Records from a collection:
------

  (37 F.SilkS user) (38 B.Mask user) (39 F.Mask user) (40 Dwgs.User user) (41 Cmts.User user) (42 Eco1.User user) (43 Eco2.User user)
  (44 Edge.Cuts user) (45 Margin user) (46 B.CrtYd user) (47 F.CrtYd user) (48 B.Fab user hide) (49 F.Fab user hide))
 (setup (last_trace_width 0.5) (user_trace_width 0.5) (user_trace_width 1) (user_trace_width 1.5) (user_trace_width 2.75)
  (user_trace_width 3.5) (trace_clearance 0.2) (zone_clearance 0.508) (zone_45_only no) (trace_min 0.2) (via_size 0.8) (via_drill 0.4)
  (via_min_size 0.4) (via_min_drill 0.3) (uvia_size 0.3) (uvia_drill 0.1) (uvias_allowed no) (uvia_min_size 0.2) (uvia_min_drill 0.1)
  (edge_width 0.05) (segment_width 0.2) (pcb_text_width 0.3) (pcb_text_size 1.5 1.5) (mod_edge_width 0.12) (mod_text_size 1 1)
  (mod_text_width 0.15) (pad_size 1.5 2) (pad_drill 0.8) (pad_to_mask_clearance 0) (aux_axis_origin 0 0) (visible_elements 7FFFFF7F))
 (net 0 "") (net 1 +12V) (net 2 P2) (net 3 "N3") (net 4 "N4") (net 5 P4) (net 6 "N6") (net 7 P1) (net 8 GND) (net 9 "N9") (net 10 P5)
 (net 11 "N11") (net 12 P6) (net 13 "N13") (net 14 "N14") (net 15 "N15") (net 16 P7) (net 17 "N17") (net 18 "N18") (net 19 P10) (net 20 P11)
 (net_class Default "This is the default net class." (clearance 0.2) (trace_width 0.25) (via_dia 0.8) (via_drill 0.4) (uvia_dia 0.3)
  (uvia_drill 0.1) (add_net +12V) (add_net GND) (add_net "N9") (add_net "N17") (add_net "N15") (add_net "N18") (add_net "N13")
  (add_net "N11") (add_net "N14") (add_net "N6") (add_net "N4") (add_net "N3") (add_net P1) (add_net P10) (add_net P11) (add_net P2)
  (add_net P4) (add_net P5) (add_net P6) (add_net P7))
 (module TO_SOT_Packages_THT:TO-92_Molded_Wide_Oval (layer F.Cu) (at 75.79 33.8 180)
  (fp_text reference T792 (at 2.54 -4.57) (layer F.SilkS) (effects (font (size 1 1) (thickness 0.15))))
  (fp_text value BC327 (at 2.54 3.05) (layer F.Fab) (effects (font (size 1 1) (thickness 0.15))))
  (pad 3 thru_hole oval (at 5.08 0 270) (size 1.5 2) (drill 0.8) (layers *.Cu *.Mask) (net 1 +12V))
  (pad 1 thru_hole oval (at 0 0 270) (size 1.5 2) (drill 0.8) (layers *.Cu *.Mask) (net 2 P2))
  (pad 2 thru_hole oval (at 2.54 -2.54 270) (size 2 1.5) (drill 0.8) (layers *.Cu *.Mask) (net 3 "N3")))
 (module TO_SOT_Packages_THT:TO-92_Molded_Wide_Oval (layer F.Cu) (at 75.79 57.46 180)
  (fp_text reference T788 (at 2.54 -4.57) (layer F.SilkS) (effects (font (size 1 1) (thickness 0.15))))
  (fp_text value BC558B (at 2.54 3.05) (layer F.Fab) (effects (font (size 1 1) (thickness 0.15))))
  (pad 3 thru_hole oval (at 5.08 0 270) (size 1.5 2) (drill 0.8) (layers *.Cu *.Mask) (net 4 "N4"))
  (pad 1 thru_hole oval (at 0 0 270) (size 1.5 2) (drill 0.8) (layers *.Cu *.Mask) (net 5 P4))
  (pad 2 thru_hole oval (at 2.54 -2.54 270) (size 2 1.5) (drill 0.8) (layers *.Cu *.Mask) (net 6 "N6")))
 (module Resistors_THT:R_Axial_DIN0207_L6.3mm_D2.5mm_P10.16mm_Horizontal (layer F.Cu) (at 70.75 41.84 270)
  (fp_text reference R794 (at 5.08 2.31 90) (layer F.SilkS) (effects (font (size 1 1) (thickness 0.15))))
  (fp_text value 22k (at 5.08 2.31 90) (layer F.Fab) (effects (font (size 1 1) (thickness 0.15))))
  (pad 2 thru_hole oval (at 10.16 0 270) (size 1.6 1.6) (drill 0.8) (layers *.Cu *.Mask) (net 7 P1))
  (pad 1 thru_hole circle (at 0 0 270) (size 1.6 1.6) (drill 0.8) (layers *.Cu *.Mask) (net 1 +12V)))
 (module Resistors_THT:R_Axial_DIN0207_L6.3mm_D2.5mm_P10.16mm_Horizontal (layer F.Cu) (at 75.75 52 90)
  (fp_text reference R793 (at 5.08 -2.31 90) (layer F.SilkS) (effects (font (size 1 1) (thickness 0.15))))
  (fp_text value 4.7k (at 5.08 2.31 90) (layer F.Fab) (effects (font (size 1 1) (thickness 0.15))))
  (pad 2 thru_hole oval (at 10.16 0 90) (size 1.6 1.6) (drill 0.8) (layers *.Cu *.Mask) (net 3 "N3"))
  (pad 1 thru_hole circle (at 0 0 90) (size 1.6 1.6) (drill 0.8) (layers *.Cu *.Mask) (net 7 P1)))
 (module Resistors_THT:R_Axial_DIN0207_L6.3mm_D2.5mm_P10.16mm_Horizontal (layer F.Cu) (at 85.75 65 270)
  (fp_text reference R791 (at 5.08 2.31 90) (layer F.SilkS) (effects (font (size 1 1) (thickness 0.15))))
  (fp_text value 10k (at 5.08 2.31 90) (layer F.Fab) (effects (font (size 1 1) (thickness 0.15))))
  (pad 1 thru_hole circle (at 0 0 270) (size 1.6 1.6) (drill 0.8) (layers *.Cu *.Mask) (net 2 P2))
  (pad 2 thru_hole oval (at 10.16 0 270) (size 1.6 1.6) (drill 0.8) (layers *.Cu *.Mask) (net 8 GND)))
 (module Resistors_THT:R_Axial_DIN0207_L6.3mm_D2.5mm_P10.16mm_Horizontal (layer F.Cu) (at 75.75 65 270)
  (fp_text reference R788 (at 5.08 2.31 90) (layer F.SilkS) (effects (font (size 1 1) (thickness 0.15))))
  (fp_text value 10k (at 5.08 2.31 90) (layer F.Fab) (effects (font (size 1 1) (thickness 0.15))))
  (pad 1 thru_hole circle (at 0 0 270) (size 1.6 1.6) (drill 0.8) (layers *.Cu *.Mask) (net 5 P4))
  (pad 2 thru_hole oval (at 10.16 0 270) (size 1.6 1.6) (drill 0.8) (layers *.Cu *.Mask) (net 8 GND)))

------

- [REQUIRED WORK]
Could you transcribe all of the entries exactly, leaving nothing out?

- [OUTPUT OF THE EXERCISE]
  (37 F.SilkS user) (38 B.Mask user) (39 F.Mask user) (40 Dwgs.User user) (41 Cmts.User user) (42 Eco1.User user) (43 Eco2.User user)
  (44 Edge.Cuts user) (45 Margin user) (46 B.CrtYd user) (47 F.CrtYd user) (48 B.Fab user hide) (49 F.Fab user hide))
 (setup (last_trace_width 0.5) (user_trace_width 0.5) (user_trace_width 1) (user_trace_width 1.5) (user_trace_width 2.75)
  (user_trace_width 3.5) (trace_clearance 0.2) (zone_clearance 0.508) (zone_45_only no) (trace_min 0.2) (via_size 0.8) (via_drill 0.4)
  (via_min_size 0.4) (via_min_drill 0.3) (uvia_size 0.3) (uvia_drill 0.1) (uvias_allowed no) (uvia_min_size 0.2) (uvia_min_drill 0.1)
  (edge_width 0.05) (segment_width 0.2) (pcb_text_width 0.3) (pcb_text_size 1.5 1.5) (mod_edge_width 0.12) (mod_text_size 1 1)
  (mod_text_width 0.15) (pad_size 1.5 2) (pad_drill 0.8) (pad_to_mask_clearance 0) (aux_axis_origin 0 0) (visible_elements 7FFFFF7F))
 (net 0 "") (net 1 +12V) (net 2 P2) (net 3 "N3") (net 4 "N4") (net 5 P4) (net 6 "N6") (net 7 P1) (net 8 GND) (net 9 "N9") (net 10 P5)
 (net 11 "N11") (net 12 P6) (net 13 "N13") (net 14 "N14") (net 15 "N15") (net 16 P7) (net 17 "N17") (net 18 "N18") (net 19 P10) (net 20 P11)
 (net_class Default "This is the default net class." (clearance 0.2) (trace_width 0.25) (via_dia 0.8) (via_drill 0.4) (uvia_dia 0.3)
  (uvia_drill 0.1) (add_net +12V) (add_net GND) (add_net "N9") (add_net "N17") (add_net "N15") (add_net "N18") (add_net "N13")
  (add_net "N11") (add_net "N14") (add_net "N6") (add_net "N4") (add_net "N3") (add_net P1) (add_net P10) (add_net P11) (add_net P2)
  (add_net P4) (add_net P5) (add_net P6) (add_net P7))
 (module TO_SOT_Packages_THT:TO-92_Molded_Wide_Oval (layer F.Cu) (at 75.79 33.8 180)
  (fp_text reference T792 (at 2.54 -4.57) (layer F.SilkS) (effects (font (size 1 1) (thickness 0.15))))
  (fp_text value BC327 (at 2.54 3.05) (layer F.Fab) (effects (font (size 1 1) (thickness 0.15))))
  (pad 3 thru_hole oval (at 5.08 0 270) (size 1.5 2) (drill 0.8) (layers *.Cu *.Mask) (net 1 +12V))
  (pad 1 thru_hole oval (at 0 0 270) (size 1.5 2) (drill 0.8) (layers *.Cu *.Mask) (net 2 P2))
  (pad 2 thru_hole oval (at 2.54 -2.54 270) (size 2 1.5) (drill 0.8) (layers *.Cu *.Mask) (net 3 "N3")))
 (module TO_SOT_Packages_THT:TO-92_Molded_Wide_Oval (layer F.Cu) (at 75.79 57.46 180)
  (fp_text reference T788 (at 2.54 -4.57) (layer F.SilkS) (effects (font (size 1 1) (thickness 0.15))))
  (fp_text value BC558B (at 2.54 3.05) (layer F.Fab) (effects (font (size 1 1) (thickness 0.15))))
  (pad 3 thru_hole oval (at 5.08 0 270) (size 1.5 2) (drill 0.8) (layers *.Cu *.Mask) (net 4 "N4"))
  (pad 1 thru_hole oval (at 0 0 270) (size 1.5 2) (drill 0.8) (layers *.Cu *.Mask) (net 5 P4))
  (pad 2 thru_hole oval (at 2.54 -2.54 270) (size 2 1.5) (drill 0.8) (layers *.Cu *.Mask) (net 6 "N6")))
 (module Resistors_THT:R_Axial_DIN0207_L6.3mm_D2.5mm_P10.16mm_Horizontal (layer F.Cu) (at 70.75 41.84 270)
  (fp_text reference R794 (at 5.08 2.31 90) (layer F.SilkS) (effects (font (size 1 1) (thickness 0.15))))
  (fp_text value 22k (at 5.08 2.31 90) (layer F.Fab) (effects (font (size 1 1) (thickness 0.15))))
  (pad 2 thru_hole oval (at 10.16 0 270) (size 1.6 1.6) (drill 0.8) (layers *.Cu *.Mask) (net 7 P1))
  (pad 1 thru_hole circle (at 0 0 270) (size 1.6 1.6) (drill 0.8) (layers *.Cu *.Mask) (net 1 +12V)))
 (module Resistors_THT:R_Axial_DIN0207_L6.3mm_D2.5mm_P10.16mm_Horizontal (layer F.Cu) (at 75.75 52 90)
  (fp_text reference R793 (at 5.08 -2.31 90) (layer F.SilkS) (effects (font (size 1 1) (thickness 0.15))))
  (fp_text value 4.7k (at 5.08 2.31 90) (layer F.Fab) (effects (font (size 1 1) (thickness 0.15))))
  (pad 2 thru_hole oval (at 10.16 0 90) (size 1.6 1.6) (drill 0.8) (layers *.Cu *.Mask) (net 3 "N3"))
  (pad 1 thru_hole circle (at 0 0 90) (size 1.6 1.6) (drill 0.8) (layers *.Cu *.Mask) (net 7 P1)))
 (module Resistors_THT:R_Axial_DIN0207_L6.3mm_D2.5mm_P10.16mm_Horizontal (layer F.Cu) (at 85.75 65 270)
  (fp_text reference R791 (at 5.08 2.31 90) (layer F.SilkS) (effects (font (size 1 1) (thickness 0.15))))
  (fp_text value 10k (at 5.08 2.31 90) (layer F.Fab) (effects (font (size 1 1) (thickness 0.15))))
  (pad 1 thru_hole circle (at 0 0 270) (size 1.6 1.6) (drill 0.8) (layers *.Cu *.Mask) (net 2 P2))
  (pad 2 thru_hole oval (at 10.16 0 270) (size 1.6 1.6) (drill 0.8) (layers *.Cu *.Mask) (net 8 GND)))
 (module Resistors_THT:R_Axial_DIN0207_L6.3mm_D2.5mm_P10.16mm_Horizontal (layer F.Cu) (at 75.75 65 270)
  (fp_text reference R788 (at 5.08 2.31 90) (layer F.SilkS) (effects (font (size 1 1) (thickness 0.15))))
  (fp_text value 10k (at 5.08 2.31 90) (layer F.Fab) (effects (font (size 1 1) (thickness 0.15))))
  (pad 1 thru_hole circle (at 0 0 270) (size 1.6 1.6) (drill 0.8) (layers *.Cu *.Mask) (net 5 P4))
  (pad 2 thru_hole oval (at 10.16 0 270) (size 1.6 1.6) (drill 0.8) (layers *.Cu *.Mask) (net 8 GND)))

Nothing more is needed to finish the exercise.